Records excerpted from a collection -
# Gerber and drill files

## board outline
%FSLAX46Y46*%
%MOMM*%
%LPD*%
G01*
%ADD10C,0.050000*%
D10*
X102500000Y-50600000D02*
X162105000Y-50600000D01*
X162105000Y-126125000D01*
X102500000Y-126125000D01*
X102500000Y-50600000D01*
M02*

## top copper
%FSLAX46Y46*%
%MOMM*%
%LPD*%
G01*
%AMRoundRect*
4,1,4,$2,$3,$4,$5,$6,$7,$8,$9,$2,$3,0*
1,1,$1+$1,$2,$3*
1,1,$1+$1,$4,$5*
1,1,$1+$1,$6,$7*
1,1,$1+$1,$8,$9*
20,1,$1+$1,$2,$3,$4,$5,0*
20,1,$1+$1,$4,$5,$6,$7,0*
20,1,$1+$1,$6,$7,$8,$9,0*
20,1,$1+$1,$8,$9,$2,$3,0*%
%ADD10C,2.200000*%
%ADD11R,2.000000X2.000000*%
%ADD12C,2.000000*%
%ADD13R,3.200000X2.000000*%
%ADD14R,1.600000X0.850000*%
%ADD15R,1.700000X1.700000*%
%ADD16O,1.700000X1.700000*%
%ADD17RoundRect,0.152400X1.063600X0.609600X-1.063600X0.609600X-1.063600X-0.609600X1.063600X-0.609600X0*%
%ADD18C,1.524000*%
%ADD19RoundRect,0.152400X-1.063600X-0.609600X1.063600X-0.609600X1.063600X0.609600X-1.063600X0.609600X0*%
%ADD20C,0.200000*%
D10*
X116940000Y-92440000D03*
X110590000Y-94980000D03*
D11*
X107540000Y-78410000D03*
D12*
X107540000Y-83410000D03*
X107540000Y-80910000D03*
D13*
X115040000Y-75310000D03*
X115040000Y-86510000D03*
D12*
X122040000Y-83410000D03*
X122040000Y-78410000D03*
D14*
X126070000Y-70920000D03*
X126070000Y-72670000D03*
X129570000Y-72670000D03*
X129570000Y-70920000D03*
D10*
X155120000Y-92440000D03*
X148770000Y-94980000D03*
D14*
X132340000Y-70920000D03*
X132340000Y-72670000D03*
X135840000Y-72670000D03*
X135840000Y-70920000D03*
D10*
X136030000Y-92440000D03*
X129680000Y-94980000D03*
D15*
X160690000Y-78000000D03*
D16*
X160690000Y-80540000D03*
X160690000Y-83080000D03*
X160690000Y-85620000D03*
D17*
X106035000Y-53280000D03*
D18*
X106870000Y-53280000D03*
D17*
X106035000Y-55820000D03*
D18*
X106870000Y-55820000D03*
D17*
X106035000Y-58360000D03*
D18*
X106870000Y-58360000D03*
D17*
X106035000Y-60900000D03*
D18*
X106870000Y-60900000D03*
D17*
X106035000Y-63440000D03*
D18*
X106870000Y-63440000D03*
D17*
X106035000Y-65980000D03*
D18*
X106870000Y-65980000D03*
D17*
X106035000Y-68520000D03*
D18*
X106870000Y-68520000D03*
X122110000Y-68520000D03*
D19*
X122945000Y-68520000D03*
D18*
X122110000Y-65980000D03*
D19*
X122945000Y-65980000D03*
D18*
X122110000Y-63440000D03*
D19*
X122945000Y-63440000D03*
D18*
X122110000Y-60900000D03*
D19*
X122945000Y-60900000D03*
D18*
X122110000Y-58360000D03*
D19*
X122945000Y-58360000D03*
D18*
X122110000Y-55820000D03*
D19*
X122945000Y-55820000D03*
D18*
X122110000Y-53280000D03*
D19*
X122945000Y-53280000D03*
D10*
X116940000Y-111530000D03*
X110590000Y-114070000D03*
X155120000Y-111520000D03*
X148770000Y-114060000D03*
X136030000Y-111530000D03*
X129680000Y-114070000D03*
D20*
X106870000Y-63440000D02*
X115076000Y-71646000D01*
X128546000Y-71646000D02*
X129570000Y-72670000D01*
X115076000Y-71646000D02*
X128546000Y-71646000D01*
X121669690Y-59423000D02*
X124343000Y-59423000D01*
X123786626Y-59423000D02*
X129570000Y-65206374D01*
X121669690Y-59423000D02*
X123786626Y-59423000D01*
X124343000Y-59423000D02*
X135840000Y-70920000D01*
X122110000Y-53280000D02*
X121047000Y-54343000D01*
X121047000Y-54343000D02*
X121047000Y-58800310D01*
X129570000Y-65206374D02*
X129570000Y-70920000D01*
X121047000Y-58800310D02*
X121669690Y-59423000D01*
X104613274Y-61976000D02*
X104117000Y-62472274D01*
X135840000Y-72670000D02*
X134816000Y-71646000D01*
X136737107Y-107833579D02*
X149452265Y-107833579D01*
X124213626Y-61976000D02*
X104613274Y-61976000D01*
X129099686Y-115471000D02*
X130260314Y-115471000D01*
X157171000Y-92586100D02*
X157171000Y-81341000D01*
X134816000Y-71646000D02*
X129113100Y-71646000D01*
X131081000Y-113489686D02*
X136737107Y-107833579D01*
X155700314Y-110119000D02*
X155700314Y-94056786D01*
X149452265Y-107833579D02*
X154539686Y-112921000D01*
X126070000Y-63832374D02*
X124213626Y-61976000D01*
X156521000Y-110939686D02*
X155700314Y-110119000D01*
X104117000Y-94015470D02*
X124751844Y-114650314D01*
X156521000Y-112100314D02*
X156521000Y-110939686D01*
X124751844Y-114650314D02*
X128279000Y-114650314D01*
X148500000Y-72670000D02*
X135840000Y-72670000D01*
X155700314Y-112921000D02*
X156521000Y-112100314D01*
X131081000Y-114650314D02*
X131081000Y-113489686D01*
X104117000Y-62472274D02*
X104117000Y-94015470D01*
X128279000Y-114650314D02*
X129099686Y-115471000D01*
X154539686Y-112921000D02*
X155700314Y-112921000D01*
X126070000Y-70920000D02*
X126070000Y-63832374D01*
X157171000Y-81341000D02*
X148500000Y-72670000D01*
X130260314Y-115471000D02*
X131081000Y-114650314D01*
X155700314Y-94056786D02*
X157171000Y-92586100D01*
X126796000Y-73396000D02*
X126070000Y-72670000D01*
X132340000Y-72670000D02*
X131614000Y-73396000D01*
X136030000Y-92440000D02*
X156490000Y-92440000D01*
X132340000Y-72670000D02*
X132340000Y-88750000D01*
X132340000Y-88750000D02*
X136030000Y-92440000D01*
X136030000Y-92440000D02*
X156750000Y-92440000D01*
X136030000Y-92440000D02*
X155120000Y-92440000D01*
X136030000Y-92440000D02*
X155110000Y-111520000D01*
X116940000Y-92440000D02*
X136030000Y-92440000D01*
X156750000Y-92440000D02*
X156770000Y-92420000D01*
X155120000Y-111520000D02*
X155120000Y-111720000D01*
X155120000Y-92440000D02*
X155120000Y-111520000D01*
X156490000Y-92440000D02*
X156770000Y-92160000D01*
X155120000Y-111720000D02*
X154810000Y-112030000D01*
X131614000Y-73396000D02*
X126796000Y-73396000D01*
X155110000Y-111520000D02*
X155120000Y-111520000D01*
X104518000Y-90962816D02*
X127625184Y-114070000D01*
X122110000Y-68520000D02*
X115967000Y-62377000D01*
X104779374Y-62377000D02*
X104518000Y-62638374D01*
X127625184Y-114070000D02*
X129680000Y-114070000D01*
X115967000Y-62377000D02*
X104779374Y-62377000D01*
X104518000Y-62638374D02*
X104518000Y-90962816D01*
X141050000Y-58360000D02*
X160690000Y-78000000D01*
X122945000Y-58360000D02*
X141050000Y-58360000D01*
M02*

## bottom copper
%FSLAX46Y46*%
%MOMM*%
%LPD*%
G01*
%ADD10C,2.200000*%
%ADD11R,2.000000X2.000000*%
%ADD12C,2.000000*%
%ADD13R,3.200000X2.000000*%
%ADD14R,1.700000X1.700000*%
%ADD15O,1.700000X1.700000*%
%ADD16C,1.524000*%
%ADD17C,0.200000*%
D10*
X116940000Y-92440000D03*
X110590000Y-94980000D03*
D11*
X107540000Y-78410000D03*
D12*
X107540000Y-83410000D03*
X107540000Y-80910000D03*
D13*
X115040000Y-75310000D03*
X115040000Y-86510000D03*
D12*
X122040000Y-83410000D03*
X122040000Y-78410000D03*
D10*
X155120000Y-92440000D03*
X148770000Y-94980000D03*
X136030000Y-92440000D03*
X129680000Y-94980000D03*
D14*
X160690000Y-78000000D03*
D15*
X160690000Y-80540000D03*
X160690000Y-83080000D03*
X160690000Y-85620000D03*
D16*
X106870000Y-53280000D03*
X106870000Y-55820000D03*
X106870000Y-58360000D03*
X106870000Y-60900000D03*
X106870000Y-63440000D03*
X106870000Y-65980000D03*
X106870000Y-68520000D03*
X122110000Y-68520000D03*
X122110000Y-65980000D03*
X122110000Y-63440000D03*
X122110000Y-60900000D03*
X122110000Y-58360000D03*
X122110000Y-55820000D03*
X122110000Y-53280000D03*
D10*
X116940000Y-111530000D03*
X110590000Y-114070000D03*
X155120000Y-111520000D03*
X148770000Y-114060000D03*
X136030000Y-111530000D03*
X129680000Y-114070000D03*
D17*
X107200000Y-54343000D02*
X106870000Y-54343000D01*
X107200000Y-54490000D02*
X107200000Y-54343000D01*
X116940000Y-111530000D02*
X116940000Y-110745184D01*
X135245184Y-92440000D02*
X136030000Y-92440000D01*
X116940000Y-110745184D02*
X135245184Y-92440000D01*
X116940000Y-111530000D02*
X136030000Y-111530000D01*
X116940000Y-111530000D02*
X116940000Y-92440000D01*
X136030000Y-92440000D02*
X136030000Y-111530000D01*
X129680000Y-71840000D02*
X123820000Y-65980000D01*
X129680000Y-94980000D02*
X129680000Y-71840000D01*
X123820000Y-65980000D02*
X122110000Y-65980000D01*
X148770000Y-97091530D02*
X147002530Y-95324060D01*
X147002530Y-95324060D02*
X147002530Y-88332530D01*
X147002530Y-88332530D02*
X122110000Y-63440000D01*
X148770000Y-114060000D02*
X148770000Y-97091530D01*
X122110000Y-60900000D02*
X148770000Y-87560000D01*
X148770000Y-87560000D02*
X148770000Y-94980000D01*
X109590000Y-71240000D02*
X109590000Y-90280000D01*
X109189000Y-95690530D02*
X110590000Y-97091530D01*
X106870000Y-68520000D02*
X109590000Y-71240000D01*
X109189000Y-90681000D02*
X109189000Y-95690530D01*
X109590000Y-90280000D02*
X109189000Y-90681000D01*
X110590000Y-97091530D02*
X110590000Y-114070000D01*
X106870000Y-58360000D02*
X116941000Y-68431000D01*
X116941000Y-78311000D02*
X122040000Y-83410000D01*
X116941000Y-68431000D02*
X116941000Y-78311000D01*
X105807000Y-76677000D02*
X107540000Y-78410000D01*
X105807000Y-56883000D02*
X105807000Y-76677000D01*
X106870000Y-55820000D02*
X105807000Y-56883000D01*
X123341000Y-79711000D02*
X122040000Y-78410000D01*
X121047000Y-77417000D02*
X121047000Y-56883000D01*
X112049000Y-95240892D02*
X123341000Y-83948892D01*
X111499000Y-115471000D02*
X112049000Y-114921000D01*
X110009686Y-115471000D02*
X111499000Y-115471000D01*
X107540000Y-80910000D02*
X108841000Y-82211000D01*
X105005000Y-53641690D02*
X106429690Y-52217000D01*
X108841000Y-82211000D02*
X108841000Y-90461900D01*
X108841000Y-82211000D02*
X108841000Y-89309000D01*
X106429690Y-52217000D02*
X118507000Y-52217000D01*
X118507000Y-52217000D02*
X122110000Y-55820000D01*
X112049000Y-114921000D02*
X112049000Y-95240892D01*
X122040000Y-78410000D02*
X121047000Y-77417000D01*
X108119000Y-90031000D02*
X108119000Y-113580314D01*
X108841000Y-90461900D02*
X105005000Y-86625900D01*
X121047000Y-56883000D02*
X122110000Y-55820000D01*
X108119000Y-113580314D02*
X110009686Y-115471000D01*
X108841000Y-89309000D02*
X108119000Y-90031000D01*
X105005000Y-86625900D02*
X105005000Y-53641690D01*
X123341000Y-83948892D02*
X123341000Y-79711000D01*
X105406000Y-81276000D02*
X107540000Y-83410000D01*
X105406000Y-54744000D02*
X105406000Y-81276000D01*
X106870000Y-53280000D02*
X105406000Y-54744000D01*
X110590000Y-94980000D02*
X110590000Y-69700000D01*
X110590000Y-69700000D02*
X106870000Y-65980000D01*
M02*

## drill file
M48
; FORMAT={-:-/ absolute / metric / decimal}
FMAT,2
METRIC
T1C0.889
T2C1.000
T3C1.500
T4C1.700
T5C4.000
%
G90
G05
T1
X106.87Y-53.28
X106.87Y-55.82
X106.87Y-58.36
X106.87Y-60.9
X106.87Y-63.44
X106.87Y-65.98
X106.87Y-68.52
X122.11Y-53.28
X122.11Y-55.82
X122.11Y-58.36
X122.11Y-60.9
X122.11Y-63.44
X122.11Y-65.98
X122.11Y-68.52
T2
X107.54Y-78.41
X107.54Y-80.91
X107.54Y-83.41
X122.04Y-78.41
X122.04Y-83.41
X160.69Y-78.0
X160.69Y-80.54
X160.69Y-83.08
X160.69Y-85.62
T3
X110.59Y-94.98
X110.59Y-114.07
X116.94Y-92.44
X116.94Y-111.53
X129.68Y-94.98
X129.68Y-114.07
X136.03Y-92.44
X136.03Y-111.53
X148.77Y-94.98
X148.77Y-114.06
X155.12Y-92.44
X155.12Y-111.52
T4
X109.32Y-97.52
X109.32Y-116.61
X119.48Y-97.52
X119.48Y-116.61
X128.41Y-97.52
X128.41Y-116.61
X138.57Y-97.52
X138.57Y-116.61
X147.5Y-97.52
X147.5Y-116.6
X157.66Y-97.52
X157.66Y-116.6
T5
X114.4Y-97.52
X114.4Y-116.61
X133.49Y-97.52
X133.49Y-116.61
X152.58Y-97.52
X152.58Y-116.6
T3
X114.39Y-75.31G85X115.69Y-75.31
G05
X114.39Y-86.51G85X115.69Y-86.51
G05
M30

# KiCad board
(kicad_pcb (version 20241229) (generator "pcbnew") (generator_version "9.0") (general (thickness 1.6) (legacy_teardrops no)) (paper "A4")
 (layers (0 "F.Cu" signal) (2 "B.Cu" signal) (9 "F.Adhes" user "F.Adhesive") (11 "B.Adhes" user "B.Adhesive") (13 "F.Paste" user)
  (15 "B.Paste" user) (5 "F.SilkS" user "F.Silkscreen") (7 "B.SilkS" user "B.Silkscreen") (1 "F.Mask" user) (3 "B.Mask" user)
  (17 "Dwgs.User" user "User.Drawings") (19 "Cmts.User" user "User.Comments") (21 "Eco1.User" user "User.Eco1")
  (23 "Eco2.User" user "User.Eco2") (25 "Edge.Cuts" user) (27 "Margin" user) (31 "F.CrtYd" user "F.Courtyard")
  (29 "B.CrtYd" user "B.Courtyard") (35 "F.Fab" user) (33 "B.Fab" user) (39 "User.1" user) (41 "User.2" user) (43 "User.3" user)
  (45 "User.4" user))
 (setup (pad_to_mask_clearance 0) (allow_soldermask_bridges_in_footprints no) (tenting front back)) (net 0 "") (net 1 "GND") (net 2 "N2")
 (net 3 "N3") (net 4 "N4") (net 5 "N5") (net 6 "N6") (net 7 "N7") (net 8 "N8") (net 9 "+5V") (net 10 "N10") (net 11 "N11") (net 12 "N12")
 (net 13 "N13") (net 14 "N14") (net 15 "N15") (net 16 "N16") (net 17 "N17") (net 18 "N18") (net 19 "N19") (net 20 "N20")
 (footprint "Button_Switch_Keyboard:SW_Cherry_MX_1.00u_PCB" (layer "F.Cu") (at 116.94 92.44)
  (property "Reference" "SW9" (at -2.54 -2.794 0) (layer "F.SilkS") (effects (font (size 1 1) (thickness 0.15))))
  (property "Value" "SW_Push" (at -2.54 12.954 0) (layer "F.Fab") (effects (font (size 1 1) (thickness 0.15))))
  (pad "" np_thru_hole circle (at -7.62 5.08) (size 1.7 1.7) (drill 1.7) (layers "*.Cu" "*.Mask"))
  (pad "" np_thru_hole circle (at -2.54 5.08) (size 4 4) (drill 4) (layers "*.Cu" "*.Mask"))
  (pad "" np_thru_hole circle (at 2.54 5.08) (size 1.7 1.7) (drill 1.7) (layers "*.Cu" "*.Mask"))
  (pad "1" thru_hole circle (at 0 0) (size 2.2 2.2) (drill 1.5) (layers "*.Cu" "*.Mask") (remove_unused_layers no) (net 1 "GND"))
  (pad "2" thru_hole circle (at -6.35 2.54) (size 2.2 2.2) (drill 1.5) (layers "*.Cu" "*.Mask") (remove_unused_layers no) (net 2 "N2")))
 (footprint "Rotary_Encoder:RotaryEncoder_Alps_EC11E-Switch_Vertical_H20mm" (layer "F.Cu") (at 107.54 78.41)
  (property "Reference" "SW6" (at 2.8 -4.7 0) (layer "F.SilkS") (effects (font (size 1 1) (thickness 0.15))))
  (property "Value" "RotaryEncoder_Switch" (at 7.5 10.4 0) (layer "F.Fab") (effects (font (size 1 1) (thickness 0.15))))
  (pad "A" thru_hole rect (at 0 0) (size 2 2) (drill 1) (layers "*.Cu" "*.Mask") (remove_unused_layers no) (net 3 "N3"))
  (pad "B" thru_hole circle (at 0 5) (size 2 2) (drill 1) (layers "*.Cu" "*.Mask") (remove_unused_layers no) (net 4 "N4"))
  (pad "C" thru_hole circle (at 0 2.5) (size 2 2) (drill 1) (layers "*.Cu" "*.Mask") (remove_unused_layers no) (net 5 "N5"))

WHAT TO DO -
Which lines above hold the string "Paste"? Copy every one of them.

OUTPUT OF THE EXERCISE -
 (layers (0 "F.Cu" signal) (2 "B.Cu" signal) (9 "F.Adhes" user "F.Adhesive") (11 "B.Adhes" user "B.Adhesive") (13 "F.Paste" user)
  (15 "B.Paste" user) (5 "F.SilkS" user "F.Silkscreen") (7 "B.SilkS" user "B.Silkscreen") (1 "F.Mask" user) (3 "B.Mask" user)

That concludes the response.